↓↓↓

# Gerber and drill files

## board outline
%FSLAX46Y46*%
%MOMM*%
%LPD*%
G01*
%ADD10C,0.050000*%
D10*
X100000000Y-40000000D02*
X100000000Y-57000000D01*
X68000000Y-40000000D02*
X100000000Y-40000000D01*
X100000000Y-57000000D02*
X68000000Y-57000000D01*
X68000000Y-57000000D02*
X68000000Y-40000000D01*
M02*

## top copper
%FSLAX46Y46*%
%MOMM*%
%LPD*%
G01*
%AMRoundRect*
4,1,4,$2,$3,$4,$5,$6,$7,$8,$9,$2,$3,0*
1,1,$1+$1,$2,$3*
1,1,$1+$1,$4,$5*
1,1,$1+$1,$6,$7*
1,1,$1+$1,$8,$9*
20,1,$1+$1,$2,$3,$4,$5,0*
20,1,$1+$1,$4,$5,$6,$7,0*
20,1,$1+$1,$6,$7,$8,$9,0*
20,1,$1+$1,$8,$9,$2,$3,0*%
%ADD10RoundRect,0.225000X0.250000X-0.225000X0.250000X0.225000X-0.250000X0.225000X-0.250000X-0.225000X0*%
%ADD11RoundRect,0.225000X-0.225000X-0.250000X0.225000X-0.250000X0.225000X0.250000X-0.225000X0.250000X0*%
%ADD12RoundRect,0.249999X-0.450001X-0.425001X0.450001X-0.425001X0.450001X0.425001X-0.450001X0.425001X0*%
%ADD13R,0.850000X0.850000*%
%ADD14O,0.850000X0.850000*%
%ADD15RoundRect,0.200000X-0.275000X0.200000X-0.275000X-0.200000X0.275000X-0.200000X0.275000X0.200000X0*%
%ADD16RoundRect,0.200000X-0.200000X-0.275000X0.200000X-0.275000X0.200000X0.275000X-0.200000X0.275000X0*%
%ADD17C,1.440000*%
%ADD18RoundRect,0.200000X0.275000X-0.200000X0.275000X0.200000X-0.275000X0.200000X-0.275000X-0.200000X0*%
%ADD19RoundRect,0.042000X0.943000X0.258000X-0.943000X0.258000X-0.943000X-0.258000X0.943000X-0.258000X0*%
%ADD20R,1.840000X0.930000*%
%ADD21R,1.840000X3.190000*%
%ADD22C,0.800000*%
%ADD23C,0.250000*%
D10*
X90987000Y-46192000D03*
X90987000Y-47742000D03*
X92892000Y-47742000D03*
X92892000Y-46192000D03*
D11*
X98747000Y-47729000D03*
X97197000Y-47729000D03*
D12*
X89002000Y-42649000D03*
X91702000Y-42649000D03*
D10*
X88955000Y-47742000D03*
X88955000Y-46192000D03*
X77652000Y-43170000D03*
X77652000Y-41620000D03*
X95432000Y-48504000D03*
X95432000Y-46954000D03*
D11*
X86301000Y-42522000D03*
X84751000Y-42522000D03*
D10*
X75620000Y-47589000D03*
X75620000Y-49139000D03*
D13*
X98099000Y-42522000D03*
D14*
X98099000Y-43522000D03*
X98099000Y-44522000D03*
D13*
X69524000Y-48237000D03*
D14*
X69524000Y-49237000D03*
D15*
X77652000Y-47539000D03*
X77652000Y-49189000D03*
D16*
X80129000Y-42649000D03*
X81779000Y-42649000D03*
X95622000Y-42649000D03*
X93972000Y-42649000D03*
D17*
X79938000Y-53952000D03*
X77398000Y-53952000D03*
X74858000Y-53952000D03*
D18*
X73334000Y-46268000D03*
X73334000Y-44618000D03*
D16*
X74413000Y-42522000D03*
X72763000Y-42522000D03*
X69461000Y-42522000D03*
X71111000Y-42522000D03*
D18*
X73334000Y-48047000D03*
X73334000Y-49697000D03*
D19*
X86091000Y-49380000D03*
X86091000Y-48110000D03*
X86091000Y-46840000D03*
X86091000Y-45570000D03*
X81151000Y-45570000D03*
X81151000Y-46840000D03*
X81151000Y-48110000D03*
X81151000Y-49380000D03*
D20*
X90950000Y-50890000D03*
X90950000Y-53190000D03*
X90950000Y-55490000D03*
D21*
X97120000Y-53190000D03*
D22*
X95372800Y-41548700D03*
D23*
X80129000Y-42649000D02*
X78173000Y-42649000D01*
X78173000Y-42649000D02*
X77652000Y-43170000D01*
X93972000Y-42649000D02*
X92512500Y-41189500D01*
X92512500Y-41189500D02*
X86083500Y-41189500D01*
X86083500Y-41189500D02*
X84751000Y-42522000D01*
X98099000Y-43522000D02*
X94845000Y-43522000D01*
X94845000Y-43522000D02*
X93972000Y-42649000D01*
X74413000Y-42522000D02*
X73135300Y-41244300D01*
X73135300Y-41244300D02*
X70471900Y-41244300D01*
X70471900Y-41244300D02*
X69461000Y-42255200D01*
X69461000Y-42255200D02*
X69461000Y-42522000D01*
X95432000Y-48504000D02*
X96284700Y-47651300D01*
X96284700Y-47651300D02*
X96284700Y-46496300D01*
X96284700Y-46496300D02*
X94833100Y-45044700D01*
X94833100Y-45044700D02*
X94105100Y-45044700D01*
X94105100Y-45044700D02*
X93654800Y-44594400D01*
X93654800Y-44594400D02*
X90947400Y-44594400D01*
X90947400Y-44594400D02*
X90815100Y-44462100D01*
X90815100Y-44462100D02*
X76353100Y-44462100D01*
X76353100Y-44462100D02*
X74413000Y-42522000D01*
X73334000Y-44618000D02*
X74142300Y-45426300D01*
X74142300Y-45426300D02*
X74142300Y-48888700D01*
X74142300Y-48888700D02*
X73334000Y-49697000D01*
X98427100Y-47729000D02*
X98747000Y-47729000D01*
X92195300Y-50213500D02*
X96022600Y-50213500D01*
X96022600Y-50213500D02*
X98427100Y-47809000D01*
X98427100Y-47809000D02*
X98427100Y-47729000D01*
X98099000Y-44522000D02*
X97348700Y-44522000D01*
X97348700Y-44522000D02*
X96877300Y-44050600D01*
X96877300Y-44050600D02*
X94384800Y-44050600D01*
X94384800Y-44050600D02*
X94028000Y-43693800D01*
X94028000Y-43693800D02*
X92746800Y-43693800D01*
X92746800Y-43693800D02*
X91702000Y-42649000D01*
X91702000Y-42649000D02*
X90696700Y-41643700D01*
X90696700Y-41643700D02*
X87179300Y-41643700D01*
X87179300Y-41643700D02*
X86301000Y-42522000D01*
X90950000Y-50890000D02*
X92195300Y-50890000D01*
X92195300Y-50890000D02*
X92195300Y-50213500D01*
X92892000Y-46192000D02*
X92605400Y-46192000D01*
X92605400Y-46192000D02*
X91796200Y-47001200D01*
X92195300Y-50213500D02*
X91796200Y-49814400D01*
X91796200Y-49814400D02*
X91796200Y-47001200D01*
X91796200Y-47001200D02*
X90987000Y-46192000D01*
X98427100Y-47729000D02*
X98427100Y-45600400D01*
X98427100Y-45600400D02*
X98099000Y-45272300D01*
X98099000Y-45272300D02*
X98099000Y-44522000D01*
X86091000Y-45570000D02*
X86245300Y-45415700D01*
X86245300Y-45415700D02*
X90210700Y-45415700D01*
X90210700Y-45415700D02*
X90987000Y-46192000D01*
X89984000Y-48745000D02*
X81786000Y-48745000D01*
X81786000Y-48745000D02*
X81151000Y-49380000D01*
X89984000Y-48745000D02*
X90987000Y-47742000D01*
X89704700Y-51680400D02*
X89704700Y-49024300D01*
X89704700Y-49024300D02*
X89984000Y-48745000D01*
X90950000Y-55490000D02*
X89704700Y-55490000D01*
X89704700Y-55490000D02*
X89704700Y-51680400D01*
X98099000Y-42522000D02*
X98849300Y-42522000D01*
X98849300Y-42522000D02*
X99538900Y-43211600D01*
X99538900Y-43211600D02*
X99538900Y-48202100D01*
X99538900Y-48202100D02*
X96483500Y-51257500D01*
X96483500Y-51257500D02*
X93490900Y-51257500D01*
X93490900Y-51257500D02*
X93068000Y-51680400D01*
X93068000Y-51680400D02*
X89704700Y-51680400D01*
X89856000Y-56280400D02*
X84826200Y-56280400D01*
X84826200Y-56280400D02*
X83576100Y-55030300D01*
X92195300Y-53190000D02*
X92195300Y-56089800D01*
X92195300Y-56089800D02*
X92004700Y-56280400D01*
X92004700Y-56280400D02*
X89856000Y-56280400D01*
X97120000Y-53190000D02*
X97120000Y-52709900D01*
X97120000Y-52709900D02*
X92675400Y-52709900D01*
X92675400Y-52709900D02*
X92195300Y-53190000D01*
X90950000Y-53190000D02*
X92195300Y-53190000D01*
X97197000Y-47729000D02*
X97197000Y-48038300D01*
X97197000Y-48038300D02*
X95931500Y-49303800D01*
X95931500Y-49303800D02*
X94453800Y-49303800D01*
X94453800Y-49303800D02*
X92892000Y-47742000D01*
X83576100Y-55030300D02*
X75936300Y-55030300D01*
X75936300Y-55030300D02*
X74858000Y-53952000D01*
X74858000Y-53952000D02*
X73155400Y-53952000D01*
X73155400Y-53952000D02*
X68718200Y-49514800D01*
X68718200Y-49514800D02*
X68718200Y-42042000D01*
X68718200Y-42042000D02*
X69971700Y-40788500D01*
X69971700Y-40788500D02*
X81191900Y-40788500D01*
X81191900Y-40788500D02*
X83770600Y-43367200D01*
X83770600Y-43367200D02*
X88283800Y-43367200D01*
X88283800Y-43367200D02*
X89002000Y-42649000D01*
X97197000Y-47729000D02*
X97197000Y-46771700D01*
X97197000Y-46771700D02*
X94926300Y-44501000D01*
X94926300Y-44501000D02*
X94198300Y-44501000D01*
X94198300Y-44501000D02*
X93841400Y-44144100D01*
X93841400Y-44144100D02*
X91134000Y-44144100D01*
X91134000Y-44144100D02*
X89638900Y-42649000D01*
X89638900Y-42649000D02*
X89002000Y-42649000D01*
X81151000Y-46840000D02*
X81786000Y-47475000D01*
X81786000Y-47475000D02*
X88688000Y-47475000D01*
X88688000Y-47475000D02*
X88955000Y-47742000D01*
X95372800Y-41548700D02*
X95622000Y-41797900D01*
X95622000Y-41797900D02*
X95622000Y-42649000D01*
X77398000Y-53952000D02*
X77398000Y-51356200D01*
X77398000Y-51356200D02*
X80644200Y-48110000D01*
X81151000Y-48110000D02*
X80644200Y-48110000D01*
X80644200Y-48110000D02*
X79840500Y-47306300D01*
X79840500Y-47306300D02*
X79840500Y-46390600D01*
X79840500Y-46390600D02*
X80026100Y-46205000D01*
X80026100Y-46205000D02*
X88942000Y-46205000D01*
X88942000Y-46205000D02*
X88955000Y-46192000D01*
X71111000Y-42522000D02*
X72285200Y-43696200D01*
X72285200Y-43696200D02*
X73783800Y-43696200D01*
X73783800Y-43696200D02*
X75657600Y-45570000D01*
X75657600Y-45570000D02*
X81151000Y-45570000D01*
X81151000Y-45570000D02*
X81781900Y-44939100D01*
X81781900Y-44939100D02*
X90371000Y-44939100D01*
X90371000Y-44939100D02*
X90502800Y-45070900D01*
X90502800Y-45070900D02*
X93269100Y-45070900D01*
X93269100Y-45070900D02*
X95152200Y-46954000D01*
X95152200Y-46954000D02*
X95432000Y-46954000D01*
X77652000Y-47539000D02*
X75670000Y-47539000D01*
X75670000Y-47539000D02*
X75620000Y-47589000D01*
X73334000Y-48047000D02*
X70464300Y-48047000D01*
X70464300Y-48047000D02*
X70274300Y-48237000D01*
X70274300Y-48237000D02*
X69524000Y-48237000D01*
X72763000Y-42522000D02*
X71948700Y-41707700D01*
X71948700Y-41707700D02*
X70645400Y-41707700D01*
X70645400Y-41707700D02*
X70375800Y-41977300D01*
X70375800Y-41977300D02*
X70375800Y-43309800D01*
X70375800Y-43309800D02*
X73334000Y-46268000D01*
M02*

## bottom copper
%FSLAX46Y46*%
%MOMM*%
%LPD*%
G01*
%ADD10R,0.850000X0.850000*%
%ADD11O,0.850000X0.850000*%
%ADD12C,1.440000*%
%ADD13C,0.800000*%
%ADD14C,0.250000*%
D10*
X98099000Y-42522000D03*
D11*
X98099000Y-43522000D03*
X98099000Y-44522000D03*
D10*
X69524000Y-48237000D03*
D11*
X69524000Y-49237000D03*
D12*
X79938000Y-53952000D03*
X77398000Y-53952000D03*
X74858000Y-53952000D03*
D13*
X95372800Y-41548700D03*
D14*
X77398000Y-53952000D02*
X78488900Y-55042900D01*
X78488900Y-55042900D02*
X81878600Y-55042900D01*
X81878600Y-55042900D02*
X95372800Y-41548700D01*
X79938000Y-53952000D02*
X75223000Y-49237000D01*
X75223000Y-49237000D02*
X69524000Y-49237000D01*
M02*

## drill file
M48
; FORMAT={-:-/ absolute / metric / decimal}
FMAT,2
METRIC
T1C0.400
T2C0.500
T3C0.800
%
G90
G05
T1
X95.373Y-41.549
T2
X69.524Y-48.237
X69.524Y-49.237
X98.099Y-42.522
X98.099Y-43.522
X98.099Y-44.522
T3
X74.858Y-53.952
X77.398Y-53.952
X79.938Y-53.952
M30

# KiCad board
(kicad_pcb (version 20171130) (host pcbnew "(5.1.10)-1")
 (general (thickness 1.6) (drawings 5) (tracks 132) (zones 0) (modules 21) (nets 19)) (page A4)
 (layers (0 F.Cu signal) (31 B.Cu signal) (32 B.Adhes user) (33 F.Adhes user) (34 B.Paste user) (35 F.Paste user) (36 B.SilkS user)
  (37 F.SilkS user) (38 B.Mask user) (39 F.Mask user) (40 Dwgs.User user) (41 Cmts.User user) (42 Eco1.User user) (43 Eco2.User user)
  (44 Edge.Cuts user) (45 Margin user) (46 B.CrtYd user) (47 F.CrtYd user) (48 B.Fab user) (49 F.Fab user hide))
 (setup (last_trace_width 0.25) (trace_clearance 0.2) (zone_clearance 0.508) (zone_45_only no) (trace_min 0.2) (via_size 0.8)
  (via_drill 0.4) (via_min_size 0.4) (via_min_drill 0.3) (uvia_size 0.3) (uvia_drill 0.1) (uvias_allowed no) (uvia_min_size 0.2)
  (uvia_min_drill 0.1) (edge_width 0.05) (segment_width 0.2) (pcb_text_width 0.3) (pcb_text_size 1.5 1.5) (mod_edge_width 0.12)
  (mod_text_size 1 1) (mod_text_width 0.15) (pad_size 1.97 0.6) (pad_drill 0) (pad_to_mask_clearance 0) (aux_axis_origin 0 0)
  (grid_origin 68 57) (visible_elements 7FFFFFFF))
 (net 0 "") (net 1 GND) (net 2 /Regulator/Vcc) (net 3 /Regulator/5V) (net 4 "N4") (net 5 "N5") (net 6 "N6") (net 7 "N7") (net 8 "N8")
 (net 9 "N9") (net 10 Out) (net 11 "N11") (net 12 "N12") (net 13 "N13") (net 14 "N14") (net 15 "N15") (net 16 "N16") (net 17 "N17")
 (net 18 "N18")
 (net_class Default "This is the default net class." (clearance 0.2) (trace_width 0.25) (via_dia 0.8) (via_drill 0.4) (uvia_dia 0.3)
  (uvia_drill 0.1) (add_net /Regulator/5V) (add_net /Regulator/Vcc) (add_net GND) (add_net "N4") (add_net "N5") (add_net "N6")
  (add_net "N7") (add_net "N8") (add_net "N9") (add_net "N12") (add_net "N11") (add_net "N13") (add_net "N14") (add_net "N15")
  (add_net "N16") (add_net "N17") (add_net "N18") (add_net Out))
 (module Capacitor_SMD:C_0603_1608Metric (layer F.Cu) (at 90.987 46.967 90)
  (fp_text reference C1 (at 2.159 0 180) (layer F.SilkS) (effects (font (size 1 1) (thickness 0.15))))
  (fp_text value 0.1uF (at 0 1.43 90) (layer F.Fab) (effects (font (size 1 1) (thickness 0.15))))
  (pad 2 smd roundrect (at 0.775 0 90) (size 0.9 0.95) (layers F.Cu F.Paste F.Mask) (roundrect_rratio 0.25) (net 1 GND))
  (pad 1 smd roundrect (at -0.775 0 90) (size 0.9 0.95) (layers F.Cu F.Paste F.Mask) (roundrect_rratio 0.25) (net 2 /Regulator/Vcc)))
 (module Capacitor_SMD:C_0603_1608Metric (layer F.Cu) (at 92.892 46.967 90)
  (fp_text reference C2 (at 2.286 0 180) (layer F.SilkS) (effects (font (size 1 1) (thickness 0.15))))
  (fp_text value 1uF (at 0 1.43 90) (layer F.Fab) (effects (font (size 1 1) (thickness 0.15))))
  (pad 1 smd roundrect (at -0.775 0 90) (size 0.9 0.95) (layers F.Cu F.Paste F.Mask) (roundrect_rratio 0.25) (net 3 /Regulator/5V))
  (pad 2 smd roundrect (at 0.775 0 90) (size 0.9 0.95) (layers F.Cu F.Paste F.Mask) (roundrect_rratio 0.25) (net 1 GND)))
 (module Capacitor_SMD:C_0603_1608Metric (layer F.Cu) (at 97.972 47.729)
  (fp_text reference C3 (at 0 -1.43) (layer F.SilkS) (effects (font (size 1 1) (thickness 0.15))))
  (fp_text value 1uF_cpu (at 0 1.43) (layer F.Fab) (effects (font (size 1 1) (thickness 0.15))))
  (pad 2 smd roundrect (at 0.775 0) (size 0.9 0.95) (layers F.Cu F.Paste F.Mask) (roundrect_rratio 0.25) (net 1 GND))
  (pad 1 smd roundrect (at -0.775 0) (size 0.9 0.95) (layers F.Cu F.Paste F.Mask) (roundrect_rratio 0.25) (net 3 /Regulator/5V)))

↑↑↑

## WHAT IS EXPECTED:
All lines above between those holding "X90987000Y-46192000D03*" and "X94833100Y-45044700D01*", inclusive, must be set down unchanged, and no other line may be included.

## WRITTEN ANSWER:
X90987000Y-46192000D03*
X90987000Y-47742000D03*
X92892000Y-47742000D03*
X92892000Y-46192000D03*
D11*
X98747000Y-47729000D03*
X97197000Y-47729000D03*
D12*
X89002000Y-42649000D03*
X91702000Y-42649000D03*
D10*
X88955000Y-47742000D03*
X88955000Y-46192000D03*
X77652000Y-43170000D03*
X77652000Y-41620000D03*
X95432000Y-48504000D03*
X95432000Y-46954000D03*
D11*
X86301000Y-42522000D03*
X84751000Y-42522000D03*
D10*
X75620000Y-47589000D03*
X75620000Y-49139000D03*
D13*
X98099000Y-42522000D03*
D14*
X98099000Y-43522000D03*
X98099000Y-44522000D03*
D13*
X69524000Y-48237000D03*
D14*
X69524000Y-49237000D03*
D15*
X77652000Y-47539000D03*
X77652000Y-49189000D03*
D16*
X80129000Y-42649000D03*
X81779000Y-42649000D03*
X95622000Y-42649000D03*
X93972000Y-42649000D03*
D17*
X79938000Y-53952000D03*
X77398000Y-53952000D03*
X74858000Y-53952000D03*
D18*
X73334000Y-46268000D03*
X73334000Y-44618000D03*
D16*
X74413000Y-42522000D03*
X72763000Y-42522000D03*
X69461000Y-42522000D03*
X71111000Y-42522000D03*
D18*
X73334000Y-48047000D03*
X73334000Y-49697000D03*
D19*
X86091000Y-49380000D03*
X86091000Y-48110000D03*
X86091000Y-46840000D03*
X86091000Y-45570000D03*
X81151000Y-45570000D03*
X81151000Y-46840000D03*
X81151000Y-48110000D03*
X81151000Y-49380000D03*
D20*
X90950000Y-50890000D03*
X90950000Y-53190000D03*
X90950000Y-55490000D03*
D21*
X97120000Y-53190000D03*
D22*
X95372800Y-41548700D03*
D23*
X80129000Y-42649000D02*
X78173000Y-42649000D01*
X78173000Y-42649000D02*
X77652000Y-43170000D01*
X93972000Y-42649000D02*
X92512500Y-41189500D01*
X92512500Y-41189500D02*
X86083500Y-41189500D01*
X86083500Y-41189500D02*
X84751000Y-42522000D01*
X98099000Y-43522000D02*
X94845000Y-43522000D01*
X94845000Y-43522000D02*
X93972000Y-42649000D01*
X74413000Y-42522000D02*
X73135300Y-41244300D01*
X73135300Y-41244300D02*
X70471900Y-41244300D01*
X70471900Y-41244300D02*
X69461000Y-42255200D01*
X69461000Y-42255200D02*
X69461000Y-42522000D01*
X95432000Y-48504000D02*
X96284700Y-47651300D01*
X96284700Y-47651300D02*
X96284700Y-46496300D01*
X96284700Y-46496300D02*
X94833100Y-45044700D01*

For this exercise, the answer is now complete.